第7話

 「って、わけで。送別会は中止になりました」


 三人の前で私は淡々と説明をした。

 さっきあったことを。事細かく。そして、できるだけ嫌な感じに。

 できれば断ってくれれば良いなと思いながら。というか断ってくれよと願いながら。

 断ってくれるのなら、それを理由にこの討伐依頼を断れるよなあと思ったのだ。我ながらとても冴え渡っていると嬉しくなった。


 「おお〜、いいね。魔王討伐! 普通に生きてたらできないことじゃ〜ん。さすがはソフィア。
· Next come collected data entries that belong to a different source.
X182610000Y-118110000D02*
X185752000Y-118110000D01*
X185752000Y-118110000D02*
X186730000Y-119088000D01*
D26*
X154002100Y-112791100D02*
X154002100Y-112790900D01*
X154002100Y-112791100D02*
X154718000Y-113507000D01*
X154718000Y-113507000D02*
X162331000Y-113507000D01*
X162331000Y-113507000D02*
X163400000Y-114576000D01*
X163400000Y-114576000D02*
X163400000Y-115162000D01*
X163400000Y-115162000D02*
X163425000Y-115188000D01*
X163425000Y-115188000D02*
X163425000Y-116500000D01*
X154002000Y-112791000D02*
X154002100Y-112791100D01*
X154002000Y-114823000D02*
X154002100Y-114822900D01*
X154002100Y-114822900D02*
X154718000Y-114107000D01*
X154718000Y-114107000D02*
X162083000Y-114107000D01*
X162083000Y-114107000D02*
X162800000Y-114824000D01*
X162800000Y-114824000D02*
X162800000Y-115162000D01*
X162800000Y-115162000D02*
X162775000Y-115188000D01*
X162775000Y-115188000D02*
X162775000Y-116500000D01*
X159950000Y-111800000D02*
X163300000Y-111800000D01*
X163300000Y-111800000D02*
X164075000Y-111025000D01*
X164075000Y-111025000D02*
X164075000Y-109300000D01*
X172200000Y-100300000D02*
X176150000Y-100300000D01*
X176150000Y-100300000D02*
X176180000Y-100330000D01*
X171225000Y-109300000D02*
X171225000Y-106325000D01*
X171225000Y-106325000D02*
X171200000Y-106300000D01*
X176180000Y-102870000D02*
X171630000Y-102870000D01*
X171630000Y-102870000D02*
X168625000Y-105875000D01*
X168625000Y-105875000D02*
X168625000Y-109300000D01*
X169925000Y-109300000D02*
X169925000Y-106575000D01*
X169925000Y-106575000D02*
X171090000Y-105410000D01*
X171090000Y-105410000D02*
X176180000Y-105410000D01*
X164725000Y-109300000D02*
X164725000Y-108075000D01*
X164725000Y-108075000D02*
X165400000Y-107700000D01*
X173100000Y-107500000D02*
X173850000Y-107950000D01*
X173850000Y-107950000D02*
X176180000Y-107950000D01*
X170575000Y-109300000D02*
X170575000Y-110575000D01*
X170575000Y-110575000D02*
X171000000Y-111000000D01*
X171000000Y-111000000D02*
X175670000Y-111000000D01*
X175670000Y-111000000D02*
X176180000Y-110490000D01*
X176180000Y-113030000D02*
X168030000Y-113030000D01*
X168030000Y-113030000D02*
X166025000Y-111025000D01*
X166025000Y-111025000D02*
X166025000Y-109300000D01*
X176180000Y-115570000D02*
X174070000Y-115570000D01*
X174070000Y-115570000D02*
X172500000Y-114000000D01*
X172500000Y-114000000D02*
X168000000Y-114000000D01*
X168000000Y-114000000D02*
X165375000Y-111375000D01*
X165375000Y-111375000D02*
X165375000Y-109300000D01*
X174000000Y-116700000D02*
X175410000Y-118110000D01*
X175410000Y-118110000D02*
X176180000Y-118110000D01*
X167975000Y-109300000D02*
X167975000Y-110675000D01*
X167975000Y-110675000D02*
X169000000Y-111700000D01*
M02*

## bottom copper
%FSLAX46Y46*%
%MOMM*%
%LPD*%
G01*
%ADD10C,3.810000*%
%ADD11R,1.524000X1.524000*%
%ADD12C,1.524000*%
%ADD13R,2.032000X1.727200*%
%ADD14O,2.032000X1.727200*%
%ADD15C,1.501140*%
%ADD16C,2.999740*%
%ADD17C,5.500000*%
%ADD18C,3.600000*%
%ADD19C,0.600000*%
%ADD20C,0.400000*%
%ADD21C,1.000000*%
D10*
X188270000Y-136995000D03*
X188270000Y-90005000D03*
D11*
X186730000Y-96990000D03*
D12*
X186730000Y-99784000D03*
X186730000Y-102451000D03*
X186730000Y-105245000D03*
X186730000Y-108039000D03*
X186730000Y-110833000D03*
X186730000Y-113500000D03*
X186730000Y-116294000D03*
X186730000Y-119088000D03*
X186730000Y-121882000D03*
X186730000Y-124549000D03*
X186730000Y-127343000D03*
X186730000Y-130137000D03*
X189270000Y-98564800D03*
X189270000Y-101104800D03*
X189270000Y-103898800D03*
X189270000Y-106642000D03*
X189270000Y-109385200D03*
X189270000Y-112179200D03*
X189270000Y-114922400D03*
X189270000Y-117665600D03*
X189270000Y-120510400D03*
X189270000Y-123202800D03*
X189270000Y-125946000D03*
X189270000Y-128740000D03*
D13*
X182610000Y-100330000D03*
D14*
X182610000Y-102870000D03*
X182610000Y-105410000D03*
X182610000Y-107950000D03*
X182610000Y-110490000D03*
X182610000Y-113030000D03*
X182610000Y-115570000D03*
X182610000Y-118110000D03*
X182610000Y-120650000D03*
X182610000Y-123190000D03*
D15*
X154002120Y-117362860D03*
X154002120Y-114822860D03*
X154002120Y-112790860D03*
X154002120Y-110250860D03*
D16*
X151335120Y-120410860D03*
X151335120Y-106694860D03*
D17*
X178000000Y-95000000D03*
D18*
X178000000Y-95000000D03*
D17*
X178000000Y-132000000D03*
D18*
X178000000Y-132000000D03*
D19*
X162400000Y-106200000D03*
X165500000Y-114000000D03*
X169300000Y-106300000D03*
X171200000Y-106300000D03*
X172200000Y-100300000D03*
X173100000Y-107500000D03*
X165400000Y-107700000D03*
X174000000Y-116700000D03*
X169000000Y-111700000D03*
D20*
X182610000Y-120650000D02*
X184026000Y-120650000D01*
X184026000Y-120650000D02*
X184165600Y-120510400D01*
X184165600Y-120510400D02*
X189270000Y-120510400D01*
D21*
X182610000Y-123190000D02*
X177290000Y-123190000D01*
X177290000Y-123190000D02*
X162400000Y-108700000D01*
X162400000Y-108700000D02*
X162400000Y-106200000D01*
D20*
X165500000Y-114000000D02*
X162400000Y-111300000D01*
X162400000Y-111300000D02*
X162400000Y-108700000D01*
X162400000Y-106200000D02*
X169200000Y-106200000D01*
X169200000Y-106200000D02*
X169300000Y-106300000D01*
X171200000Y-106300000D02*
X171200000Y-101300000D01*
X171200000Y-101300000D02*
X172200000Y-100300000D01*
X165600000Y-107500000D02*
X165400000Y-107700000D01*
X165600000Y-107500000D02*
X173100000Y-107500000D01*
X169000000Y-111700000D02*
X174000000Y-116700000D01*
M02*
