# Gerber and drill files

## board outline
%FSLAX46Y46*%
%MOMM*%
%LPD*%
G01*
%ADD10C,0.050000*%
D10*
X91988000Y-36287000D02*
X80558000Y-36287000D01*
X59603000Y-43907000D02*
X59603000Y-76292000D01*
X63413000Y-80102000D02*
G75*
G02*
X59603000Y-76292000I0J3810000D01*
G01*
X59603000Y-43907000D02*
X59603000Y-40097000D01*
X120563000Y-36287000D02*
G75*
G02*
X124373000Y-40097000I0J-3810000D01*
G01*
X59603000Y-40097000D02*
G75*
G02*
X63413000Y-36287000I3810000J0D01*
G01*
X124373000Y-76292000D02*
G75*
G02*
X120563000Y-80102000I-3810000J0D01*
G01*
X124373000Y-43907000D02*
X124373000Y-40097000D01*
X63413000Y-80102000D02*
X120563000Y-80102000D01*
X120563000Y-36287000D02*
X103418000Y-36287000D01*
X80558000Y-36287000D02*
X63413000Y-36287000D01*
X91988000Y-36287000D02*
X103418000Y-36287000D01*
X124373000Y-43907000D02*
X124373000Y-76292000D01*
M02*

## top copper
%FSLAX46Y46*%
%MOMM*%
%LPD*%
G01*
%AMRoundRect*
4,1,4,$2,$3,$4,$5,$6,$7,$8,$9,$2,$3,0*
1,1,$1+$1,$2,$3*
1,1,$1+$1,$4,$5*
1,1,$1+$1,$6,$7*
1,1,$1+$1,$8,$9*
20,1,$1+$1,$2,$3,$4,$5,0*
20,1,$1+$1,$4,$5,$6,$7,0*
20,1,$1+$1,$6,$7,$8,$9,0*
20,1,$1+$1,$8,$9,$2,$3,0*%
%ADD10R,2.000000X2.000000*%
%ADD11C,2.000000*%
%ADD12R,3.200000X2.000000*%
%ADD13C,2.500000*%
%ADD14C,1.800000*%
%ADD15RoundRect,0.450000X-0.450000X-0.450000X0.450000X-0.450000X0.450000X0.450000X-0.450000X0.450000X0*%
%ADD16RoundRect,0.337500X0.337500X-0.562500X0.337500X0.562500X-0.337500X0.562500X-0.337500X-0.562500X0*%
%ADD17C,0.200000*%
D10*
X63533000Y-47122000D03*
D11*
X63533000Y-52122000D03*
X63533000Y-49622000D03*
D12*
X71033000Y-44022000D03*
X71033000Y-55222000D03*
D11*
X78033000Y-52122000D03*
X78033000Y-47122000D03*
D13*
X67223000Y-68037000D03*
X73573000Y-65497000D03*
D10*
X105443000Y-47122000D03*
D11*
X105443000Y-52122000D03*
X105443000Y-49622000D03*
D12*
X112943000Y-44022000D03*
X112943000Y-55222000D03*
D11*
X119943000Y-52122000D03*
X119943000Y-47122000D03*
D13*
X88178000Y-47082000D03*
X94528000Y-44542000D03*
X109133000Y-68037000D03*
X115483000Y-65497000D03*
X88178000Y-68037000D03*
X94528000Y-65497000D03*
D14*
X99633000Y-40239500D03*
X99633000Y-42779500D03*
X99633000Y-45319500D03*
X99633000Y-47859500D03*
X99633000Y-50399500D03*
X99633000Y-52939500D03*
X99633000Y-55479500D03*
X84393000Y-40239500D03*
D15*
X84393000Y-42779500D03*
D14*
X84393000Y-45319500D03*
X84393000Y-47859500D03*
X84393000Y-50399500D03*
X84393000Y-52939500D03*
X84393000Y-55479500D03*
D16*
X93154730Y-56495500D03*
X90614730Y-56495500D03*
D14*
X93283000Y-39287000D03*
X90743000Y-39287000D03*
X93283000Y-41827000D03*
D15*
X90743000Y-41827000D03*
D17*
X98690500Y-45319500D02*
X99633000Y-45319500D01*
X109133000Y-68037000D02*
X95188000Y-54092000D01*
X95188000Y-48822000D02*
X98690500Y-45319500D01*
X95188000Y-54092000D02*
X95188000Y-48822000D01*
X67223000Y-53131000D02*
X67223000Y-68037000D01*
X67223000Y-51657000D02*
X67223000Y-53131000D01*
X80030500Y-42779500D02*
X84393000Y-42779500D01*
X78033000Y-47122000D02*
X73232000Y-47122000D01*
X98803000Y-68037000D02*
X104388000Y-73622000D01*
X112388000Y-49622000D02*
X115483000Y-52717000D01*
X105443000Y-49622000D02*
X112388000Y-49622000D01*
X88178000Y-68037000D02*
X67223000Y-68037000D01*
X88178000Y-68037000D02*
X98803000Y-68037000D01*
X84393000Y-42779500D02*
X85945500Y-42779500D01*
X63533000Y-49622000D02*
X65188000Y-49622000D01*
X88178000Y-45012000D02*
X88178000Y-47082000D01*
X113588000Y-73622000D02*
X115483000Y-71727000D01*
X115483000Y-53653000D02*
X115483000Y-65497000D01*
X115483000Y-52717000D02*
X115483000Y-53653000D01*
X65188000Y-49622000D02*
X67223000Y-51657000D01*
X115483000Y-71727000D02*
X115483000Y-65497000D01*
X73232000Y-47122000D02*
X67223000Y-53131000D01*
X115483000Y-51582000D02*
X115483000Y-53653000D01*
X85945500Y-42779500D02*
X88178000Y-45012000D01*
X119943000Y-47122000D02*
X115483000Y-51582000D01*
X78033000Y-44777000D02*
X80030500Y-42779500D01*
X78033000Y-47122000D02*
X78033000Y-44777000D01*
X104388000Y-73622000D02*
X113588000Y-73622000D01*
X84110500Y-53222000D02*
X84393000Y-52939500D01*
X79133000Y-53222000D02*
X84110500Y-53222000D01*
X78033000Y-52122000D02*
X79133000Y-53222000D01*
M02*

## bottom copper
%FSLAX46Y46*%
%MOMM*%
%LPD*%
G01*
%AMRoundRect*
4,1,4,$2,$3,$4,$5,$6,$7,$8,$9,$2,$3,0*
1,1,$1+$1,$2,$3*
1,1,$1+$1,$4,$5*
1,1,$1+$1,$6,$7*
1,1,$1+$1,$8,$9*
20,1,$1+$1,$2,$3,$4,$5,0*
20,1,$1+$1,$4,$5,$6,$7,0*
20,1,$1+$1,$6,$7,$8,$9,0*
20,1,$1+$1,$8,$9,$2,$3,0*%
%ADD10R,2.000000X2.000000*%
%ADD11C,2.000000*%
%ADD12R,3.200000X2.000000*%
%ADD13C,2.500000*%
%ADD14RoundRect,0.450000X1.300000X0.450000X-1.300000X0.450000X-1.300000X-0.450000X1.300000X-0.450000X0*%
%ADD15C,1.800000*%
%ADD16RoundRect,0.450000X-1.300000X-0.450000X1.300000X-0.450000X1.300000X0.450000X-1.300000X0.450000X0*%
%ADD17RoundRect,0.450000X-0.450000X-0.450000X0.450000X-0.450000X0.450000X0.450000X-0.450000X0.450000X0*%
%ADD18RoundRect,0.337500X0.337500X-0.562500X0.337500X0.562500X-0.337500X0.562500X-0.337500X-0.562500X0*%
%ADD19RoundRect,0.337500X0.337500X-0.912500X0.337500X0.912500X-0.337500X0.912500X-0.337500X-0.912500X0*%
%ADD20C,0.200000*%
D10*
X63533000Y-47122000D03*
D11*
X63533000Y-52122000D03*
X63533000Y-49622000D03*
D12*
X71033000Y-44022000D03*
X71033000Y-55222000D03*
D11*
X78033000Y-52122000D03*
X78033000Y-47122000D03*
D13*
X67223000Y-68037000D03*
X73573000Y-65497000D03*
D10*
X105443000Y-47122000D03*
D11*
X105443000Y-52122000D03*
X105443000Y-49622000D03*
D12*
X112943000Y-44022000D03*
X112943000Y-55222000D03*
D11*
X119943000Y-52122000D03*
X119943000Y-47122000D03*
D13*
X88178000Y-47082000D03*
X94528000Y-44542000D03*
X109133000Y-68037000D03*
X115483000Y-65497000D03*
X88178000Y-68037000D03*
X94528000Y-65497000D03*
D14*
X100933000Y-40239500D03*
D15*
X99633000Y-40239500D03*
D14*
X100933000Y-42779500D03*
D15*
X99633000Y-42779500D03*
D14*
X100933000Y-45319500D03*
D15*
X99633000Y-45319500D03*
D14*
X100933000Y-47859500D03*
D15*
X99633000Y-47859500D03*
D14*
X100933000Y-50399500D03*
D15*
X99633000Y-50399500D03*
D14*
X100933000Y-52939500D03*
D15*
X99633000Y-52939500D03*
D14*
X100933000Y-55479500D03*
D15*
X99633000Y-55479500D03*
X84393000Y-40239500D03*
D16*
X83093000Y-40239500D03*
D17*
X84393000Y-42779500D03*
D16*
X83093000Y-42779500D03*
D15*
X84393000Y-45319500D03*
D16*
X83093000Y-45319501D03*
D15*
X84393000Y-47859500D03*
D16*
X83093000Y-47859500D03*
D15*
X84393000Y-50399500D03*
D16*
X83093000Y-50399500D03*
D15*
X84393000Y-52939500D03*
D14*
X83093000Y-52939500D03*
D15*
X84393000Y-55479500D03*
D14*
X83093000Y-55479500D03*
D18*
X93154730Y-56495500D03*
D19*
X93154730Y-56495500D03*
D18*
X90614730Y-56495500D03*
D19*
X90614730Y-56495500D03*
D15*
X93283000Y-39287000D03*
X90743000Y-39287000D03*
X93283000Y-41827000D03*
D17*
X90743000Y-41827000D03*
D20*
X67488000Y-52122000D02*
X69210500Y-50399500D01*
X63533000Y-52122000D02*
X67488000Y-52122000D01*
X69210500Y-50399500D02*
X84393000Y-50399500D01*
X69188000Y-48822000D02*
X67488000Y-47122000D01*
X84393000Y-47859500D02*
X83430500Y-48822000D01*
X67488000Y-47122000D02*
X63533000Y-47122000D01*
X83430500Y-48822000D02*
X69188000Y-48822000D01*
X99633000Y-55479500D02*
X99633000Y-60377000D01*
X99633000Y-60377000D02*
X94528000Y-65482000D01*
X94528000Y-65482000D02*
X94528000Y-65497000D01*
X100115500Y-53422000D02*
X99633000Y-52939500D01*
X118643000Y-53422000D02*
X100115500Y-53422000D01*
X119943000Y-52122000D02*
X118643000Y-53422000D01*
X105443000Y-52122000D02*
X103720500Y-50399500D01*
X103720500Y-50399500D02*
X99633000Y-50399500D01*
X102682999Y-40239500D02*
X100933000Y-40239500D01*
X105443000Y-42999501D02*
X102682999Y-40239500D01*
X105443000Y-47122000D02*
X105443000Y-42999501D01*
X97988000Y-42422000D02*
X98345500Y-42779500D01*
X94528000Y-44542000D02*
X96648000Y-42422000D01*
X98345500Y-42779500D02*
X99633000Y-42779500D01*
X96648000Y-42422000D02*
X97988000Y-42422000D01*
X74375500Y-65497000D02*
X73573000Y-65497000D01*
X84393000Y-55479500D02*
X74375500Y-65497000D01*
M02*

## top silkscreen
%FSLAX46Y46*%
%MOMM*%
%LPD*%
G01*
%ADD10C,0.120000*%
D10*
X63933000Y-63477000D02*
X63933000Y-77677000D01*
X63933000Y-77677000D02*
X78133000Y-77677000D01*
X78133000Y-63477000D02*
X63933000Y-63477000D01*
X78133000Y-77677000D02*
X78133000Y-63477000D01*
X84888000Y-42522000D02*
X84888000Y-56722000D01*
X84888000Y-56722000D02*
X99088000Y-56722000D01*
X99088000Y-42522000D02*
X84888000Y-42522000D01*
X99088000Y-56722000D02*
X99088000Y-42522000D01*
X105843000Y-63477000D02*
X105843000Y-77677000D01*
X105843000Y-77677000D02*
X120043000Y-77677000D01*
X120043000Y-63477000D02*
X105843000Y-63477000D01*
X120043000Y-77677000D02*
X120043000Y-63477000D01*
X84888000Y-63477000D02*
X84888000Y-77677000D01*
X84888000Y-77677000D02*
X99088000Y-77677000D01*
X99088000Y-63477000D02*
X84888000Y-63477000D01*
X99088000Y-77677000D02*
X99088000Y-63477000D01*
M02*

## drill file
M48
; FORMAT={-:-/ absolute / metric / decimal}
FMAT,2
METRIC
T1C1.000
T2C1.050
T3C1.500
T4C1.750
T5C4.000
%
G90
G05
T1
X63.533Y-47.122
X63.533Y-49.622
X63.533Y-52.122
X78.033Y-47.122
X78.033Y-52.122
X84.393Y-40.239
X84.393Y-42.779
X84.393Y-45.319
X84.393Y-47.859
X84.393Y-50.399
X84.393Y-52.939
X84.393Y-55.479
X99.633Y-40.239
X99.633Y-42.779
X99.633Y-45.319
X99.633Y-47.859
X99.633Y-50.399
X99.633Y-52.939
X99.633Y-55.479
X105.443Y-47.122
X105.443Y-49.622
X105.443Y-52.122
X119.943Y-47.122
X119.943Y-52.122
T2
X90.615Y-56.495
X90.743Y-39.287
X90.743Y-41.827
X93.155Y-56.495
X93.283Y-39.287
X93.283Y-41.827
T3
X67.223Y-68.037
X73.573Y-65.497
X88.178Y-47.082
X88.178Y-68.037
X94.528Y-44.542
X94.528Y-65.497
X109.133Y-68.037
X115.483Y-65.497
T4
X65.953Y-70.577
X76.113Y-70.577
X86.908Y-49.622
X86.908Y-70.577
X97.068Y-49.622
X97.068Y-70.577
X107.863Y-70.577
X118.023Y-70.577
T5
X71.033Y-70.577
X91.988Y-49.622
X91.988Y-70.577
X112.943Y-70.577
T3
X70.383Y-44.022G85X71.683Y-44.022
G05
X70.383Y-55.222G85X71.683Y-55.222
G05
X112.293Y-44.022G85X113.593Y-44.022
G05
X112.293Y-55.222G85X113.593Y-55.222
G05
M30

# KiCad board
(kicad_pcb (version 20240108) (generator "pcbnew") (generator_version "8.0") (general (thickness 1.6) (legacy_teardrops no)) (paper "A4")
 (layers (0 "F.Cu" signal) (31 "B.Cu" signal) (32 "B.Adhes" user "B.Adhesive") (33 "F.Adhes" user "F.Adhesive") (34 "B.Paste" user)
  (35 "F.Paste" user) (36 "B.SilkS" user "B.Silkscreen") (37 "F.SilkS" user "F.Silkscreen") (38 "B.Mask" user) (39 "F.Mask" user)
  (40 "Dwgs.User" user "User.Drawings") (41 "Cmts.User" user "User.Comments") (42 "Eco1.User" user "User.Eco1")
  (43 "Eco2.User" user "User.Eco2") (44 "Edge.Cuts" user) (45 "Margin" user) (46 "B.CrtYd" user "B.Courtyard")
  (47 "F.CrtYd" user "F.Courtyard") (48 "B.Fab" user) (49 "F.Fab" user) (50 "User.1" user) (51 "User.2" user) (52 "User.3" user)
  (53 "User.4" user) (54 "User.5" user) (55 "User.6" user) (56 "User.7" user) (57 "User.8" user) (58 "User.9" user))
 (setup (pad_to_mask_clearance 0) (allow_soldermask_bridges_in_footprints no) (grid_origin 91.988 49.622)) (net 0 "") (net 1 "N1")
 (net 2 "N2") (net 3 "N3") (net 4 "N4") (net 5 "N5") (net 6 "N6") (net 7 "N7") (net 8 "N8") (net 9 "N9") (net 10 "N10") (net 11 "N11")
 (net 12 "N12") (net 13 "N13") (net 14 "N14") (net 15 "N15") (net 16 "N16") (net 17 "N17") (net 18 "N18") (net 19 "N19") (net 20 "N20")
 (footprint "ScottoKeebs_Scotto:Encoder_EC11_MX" (layer "F.Cu") (at 71.033 49.622)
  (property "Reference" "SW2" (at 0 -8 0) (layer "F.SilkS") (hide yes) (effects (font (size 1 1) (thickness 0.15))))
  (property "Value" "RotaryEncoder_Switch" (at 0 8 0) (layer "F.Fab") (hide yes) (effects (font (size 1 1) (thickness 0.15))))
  (pad "A" thru_hole rect (at -7.5 -2.5) (size 2 2) (drill 1) (layers "*.Cu" "*.Mask") (remove_unused_layers no) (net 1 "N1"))
  (pad "B" thru_hole circle (at -7.5 2.5) (size 2 2) (drill 1) (layers "*.Cu" "*.Mask") (remove_unused_layers no) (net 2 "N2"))
  (pad "C" thru_hole circle (at -7.5 0) (size 2 2) (drill 1) (layers "*.Cu" "*.Mask") (remove_unused_layers no) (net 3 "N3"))
  (pad "MP" thru_hole rect (at 0 -5.6) (size 3.2 2) (drill oval 2.8 1.5) (layers "*.Cu" "*.Mask") (remove_unused_layers no))
  (pad "MP" thru_hole rect (at 0 5.6) (size 3.2 2) (drill oval 2.8 1.5) (layers "*.Cu" "*.Mask") (remove_unused_layers no))
  (pad "S1" thru_hole circle (at 7 2.5) (size 2 2) (drill 1) (layers "*.Cu" "*.Mask") (remove_unused_layers no) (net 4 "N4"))
  (pad "S2" thru_hole circle (at 7 -2.5) (size 2 2) (drill 1) (layers "*.Cu" "*.Mask") (remove_unused_layers no) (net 3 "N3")))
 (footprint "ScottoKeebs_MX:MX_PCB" (layer "F.Cu") (at 71.033 70.577)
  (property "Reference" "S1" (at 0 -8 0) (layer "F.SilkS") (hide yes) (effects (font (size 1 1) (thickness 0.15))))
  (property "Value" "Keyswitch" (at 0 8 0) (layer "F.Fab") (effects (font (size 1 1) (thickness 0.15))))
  (fp_line (start -7.1 -7.1) (end -7.1 7.1) (stroke (width 0.12) (type solid)) (layer "F.SilkS"))
  (fp_line (start -7.1 7.1) (end 7.1 7.1) (stroke (width 0.12) (type solid)) (layer "F.SilkS"))
  (fp_line (start 7.1 -7.1) (end -7.1 -7.1) (stroke (width 0.12) (type solid)) (layer "F.SilkS"))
直接そんなすんごい依頼が来るなんて。ソフィアが最強であることの証だね」

 「うんうん、ソフィアっちまじヤバい。あたしもそれ賛成。まじ賛成。ってか、今すぐ行くべきっしょ。ちょー楽しみすぎなんだけど」


 断ってくれないかなという淡い期待は簡単に打ち砕かれた。

 それどころかむしろノリノリである。

 意味がわからない。


 ネガティブキャンペーンをした。

 正直ところどころ話を盛った。嫌だって言ってくれそうな要素を積みながら。

 そ、それなのに。

 二人は興味を持ってしまった。断るどころかノリノリになった。


 泣きそう。


 「本当にやるの?」


 恐る恐る確認する。


 三人はそれぞれ顔を見合せてから、破顔する。


 「あったりまえっしょ」


 フィンは意気揚々と答える。


 「え、なんで?」

 「だって魔王討伐っしょ。まじヤバいし魔王討伐とか。激熱すぎっしょ」


 どうやら魔王討伐という言葉に惹かれてしまったらしい。


 「めんどそうとか思わなかったわけ?」


 もしかしたら私の仕込んだ種が芽生えなかっただけなのかもと思って、訊ねてみた。


 フィンは首を横に振る。


 「めんどそとは思ったしぃ。でも、まじ魔王討伐って考えたら、そんなのまじのがちでどうでもいいっしょ、ってなったし」


 フィンにとって魔王討伐とはそれだけ大きいものである、ということか。

 じゃあもういいや。


 「リーナも本当にいいの?」


 標的を変える。もうフィンはダメだ。魔王討伐という魅惑に取り憑かれている。


 「え〜、私も魔王討伐したい。それに三人と魔王討伐とか、す〜んごい濃い思い出になると思うんだよね」

 「そ、そりゃ……まあそうだろうけども」

 「でしょ〜」

 「めんどそうとかなかったの」


 さっき植えた種。フィンには芽生えなかったが、リーナには芽生えてて欲しいと思いながら問う。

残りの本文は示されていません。